(Saved data entries)
----

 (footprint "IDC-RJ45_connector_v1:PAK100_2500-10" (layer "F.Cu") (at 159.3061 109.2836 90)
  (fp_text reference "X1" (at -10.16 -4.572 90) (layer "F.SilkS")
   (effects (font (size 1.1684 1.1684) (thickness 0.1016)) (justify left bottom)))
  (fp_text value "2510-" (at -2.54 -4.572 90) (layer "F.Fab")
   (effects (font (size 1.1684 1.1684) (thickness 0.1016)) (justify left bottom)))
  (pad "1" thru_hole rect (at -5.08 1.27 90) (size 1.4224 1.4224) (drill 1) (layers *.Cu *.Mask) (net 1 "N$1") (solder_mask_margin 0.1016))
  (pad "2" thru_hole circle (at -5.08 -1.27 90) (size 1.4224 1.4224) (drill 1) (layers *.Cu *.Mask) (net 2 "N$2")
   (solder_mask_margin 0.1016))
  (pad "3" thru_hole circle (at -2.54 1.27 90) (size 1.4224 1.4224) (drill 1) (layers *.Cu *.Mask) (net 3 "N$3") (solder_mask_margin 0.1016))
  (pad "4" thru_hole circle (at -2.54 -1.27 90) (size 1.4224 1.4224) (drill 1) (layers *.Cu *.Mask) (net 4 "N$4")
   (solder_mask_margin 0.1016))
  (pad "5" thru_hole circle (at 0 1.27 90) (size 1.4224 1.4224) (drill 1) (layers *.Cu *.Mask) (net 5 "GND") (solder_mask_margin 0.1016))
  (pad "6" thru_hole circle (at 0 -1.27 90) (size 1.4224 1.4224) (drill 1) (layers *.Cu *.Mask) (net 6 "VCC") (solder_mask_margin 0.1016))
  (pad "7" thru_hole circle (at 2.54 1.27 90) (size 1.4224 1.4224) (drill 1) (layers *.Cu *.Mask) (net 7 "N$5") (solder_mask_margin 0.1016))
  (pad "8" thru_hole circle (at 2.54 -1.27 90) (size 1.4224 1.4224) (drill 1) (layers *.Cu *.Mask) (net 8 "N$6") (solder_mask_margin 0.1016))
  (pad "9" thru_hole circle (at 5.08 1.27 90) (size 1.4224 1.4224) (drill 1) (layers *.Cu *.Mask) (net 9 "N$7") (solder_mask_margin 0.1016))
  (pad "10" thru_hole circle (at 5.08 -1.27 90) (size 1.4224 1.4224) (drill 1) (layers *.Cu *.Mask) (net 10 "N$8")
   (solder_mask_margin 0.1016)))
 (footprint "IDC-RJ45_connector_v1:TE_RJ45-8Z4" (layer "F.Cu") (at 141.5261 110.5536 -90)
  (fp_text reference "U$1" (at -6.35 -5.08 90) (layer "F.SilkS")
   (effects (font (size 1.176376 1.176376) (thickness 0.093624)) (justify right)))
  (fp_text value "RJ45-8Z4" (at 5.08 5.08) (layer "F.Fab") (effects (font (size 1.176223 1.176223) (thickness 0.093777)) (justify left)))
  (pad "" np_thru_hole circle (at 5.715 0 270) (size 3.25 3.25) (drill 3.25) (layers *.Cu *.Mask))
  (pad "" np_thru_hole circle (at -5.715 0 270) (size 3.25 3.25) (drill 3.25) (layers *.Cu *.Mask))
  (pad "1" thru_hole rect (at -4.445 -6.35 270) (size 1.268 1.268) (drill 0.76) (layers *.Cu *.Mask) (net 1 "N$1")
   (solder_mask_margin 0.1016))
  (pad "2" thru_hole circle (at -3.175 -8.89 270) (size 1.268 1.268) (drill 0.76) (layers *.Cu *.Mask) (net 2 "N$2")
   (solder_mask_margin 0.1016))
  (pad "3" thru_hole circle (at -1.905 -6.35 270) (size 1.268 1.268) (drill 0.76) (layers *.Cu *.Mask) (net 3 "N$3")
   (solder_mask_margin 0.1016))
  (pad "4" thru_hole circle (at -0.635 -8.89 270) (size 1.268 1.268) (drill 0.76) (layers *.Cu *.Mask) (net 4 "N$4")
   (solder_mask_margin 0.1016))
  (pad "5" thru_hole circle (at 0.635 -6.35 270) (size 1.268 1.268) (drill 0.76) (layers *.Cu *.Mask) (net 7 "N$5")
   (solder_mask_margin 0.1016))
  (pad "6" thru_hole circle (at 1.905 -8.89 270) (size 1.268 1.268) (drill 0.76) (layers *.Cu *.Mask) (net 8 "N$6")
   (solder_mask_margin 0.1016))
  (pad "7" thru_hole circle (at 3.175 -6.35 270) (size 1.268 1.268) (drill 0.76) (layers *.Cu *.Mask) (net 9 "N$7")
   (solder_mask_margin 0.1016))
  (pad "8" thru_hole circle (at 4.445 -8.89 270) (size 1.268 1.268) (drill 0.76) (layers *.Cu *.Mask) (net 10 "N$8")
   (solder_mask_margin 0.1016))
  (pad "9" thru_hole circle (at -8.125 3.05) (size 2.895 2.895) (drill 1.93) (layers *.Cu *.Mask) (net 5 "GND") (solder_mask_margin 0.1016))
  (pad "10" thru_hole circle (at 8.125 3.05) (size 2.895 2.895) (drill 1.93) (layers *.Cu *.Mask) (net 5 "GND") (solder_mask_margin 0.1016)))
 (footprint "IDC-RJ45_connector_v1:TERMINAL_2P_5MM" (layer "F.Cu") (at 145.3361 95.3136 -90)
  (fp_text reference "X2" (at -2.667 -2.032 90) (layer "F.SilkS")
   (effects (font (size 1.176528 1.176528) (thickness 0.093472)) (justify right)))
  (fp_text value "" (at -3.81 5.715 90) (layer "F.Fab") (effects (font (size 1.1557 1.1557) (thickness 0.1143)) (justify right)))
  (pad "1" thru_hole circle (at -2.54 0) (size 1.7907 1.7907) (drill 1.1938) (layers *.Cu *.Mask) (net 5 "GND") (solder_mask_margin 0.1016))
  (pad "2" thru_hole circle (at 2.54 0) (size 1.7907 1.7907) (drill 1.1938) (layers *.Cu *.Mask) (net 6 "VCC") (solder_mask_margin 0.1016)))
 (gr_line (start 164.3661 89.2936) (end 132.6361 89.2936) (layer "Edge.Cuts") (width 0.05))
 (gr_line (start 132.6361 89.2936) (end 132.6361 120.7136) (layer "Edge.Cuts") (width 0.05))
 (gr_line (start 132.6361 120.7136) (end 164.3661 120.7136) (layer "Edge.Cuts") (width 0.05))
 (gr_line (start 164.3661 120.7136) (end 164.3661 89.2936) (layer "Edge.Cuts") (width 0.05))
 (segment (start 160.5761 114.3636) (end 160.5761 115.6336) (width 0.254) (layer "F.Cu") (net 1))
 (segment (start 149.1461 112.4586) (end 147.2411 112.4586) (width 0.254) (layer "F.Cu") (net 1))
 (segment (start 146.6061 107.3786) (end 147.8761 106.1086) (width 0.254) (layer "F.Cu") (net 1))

----

Reproduce the records above in their entirety, unchanged.

 (footprint "IDC-RJ45_connector_v1:PAK100_2500-10" (layer "F.Cu") (at 159.3061 109.2836 90)
  (fp_text reference "X1" (at -10.16 -4.572 90) (layer "F.SilkS")
   (effects (font (size 1.1684 1.1684) (thickness 0.1016)) (justify left bottom)))
  (fp_text value "2510-" (at -2.54 -4.572 90) (layer "F.Fab")
   (effects (font (size 1.1684 1.1684) (thickness 0.1016)) (justify left bottom)))
  (pad "1" thru_hole rect (at -5.08 1.27 90) (size 1.4224 1.4224) (drill 1) (layers *.Cu *.Mask) (net 1 "N$1") (solder_mask_margin 0.1016))
  (pad "2" thru_hole circle (at -5.08 -1.27 90) (size 1.4224 1.4224) (drill 1) (layers *.Cu *.Mask) (net 2 "N$2")
   (solder_mask_margin 0.1016))
  (pad "3" thru_hole circle (at -2.54 1.27 90) (size 1.4224 1.4224) (drill 1) (layers *.Cu *.Mask) (net 3 "N$3") (solder_mask_margin 0.1016))
  (pad "4" thru_hole circle (at -2.54 -1.27 90) (size 1.4224 1.4224) (drill 1) (layers *.Cu *.Mask) (net 4 "N$4")
   (solder_mask_margin 0.1016))
  (pad "5" thru_hole circle (at 0 1.27 90) (size 1.4224 1.4224) (drill 1) (layers *.Cu *.Mask) (net 5 "GND") (solder_mask_margin 0.1016))
  (pad "6" thru_hole circle (at 0 -1.27 90) (size 1.4224 1.4224) (drill 1) (layers *.Cu *.Mask) (net 6 "VCC") (solder_mask_margin 0.1016))
  (pad "7" thru_hole circle (at 2.54 1.27 90) (size 1.4224 1.4224) (drill 1) (layers *.Cu *.Mask) (net 7 "N$5") (solder_mask_margin 0.1016))
  (pad "8" thru_hole circle (at 2.54 -1.27 90) (size 1.4224 1.4224) (drill 1) (layers *.Cu *.Mask) (net 8 "N$6") (solder_mask_margin 0.1016))
  (pad "9" thru_hole circle (at 5.08 1.27 90) (size 1.4224 1.4224) (drill 1) (layers *.Cu *.Mask) (net 9 "N$7") (solder_mask_margin 0.1016))
  (pad "10" thru_hole circle (at 5.08 -1.27 90) (size 1.4224 1.4224) (drill 1) (layers *.Cu *.Mask) (net 10 "N$8")
   (solder_mask_margin 0.1016)))
 (footprint "IDC-RJ45_connector_v1:TE_RJ45-8Z4" (layer "F.Cu") (at 141.5261 110.5536 -90)
  (fp_text reference "U$1" (at -6.35 -5.08 90) (layer "F.SilkS")
   (effects (font (size 1.176376 1.176376) (thickness 0.093624)) (justify right)))
  (fp_text value "RJ45-8Z4" (at 5.08 5.08) (layer "F.Fab") (effects (font (size 1.176223 1.176223) (thickness 0.093777)) (justify left)))
  (pad "" np_thru_hole circle (at 5.715 0 270) (size 3.25 3.25) (drill 3.25) (layers *.Cu *.Mask))
  (pad "" np_thru_hole circle (at -5.715 0 270) (size 3.25 3.25) (drill 3.25) (layers *.Cu *.Mask))
  (pad "1" thru_hole rect (at -4.445 -6.35 270) (size 1.268 1.268) (drill 0.76) (layers *.Cu *.Mask) (net 1 "N$1")
   (solder_mask_margin 0.1016))
  (pad "2" thru_hole circle (at -3.175 -8.89 270) (size 1.268 1.268) (drill 0.76) (layers *.Cu *.Mask) (net 2 "N$2")
   (solder_mask_margin 0.1016))
  (pad "3" thru_hole circle (at -1.905 -6.35 270) (size 1.268 1.268) (drill 0.76) (layers *.Cu *.Mask) (net 3 "N$3")
   (solder_mask_margin 0.1016))
  (pad "4" thru_hole circle (at -0.635 -8.89 270) (size 1.268 1.268) (drill 0.76) (layers *.Cu *.Mask) (net 4 "N$4")
   (solder_mask_margin 0.1016))
  (pad "5" thru_hole circle (at 0.635 -6.35 270) (size 1.268 1.268) (drill 0.76) (layers *.Cu *.Mask) (net 7 "N$5")
   (solder_mask_margin 0.1016))
  (pad "6" thru_hole circle (at 1.905 -8.89 270) (size 1.268 1.268) (drill 0.76) (layers *.Cu *.Mask) (net 8 "N$6")
   (solder_mask_margin 0.1016))
  (pad "7" thru_hole circle (at 3.175 -6.35 270) (size 1.268 1.268) (drill 0.76) (layers *.Cu *.Mask) (net 9 "N$7")
   (solder_mask_margin 0.1016))
  (pad "8" thru_hole circle (at 4.445 -8.89 270) (size 1.268 1.268) (drill 0.76) (layers *.Cu *.Mask) (net 10 "N$8")
   (solder_mask_margin 0.1016))
  (pad "9" thru_hole circle (at -8.125 3.05) (size 2.895 2.895) (drill 1.93) (layers *.Cu *.Mask) (net 5 "GND") (solder_mask_margin 0.1016))
  (pad "10" thru_hole circle (at 8.125 3.05) (size 2.895 2.895) (drill 1.93) (layers *.Cu *.Mask) (net 5 "GND") (solder_mask_margin 0.1016)))
 (footprint "IDC-RJ45_connector_v1:TERMINAL_2P_5MM" (layer "F.Cu") (at 145.3361 95.3136 -90)
  (fp_text reference "X2" (at -2.667 -2.032 90) (layer "F.SilkS")
   (effects (font (size 1.176528 1.176528) (thickness 0.093472)) (justify right)))
  (fp_text value "" (at -3.81 5.715 90) (layer "F.Fab") (effects (font (size 1.1557 1.1557) (thickness 0.1143)) (justify right)))
  (pad "1" thru_hole circle (at -2.54 0) (size 1.7907 1.7907) (drill 1.1938) (layers *.Cu *.Mask) (net 5 "GND") (solder_mask_margin 0.1016))
  (pad "2" thru_hole circle (at 2.54 0) (size 1.7907 1.7907) (drill 1.1938) (layers *.Cu *.Mask) (net 6 "VCC") (solder_mask_margin 0.1016)))
 (gr_line (start 164.3661 89.2936) (end 132.6361 89.2936) (layer "Edge.Cuts") (width 0.05))
 (gr_line (start 132.6361 89.2936) (end 132.6361 120.7136) (layer "Edge.Cuts") (width 0.05))
 (gr_line (start 132.6361 120.7136) (end 164.3661 120.7136) (layer "Edge.Cuts") (width 0.05))
 (gr_line (start 164.3661 120.7136) (end 164.3661 89.2936) (layer "Edge.Cuts") (width 0.05))
 (segment (start 160.5761 114.3636) (end 160.5761 115.6336) (width 0.254) (layer "F.Cu") (net 1))
 (segment (start 149.1461 112.4586) (end 147.2411 112.4586) (width 0.254) (layer "F.Cu") (net 1))
 (segment (start 146.6061 107.3786) (end 147.8761 106.1086) (width 0.254) (layer "F.Cu") (net 1))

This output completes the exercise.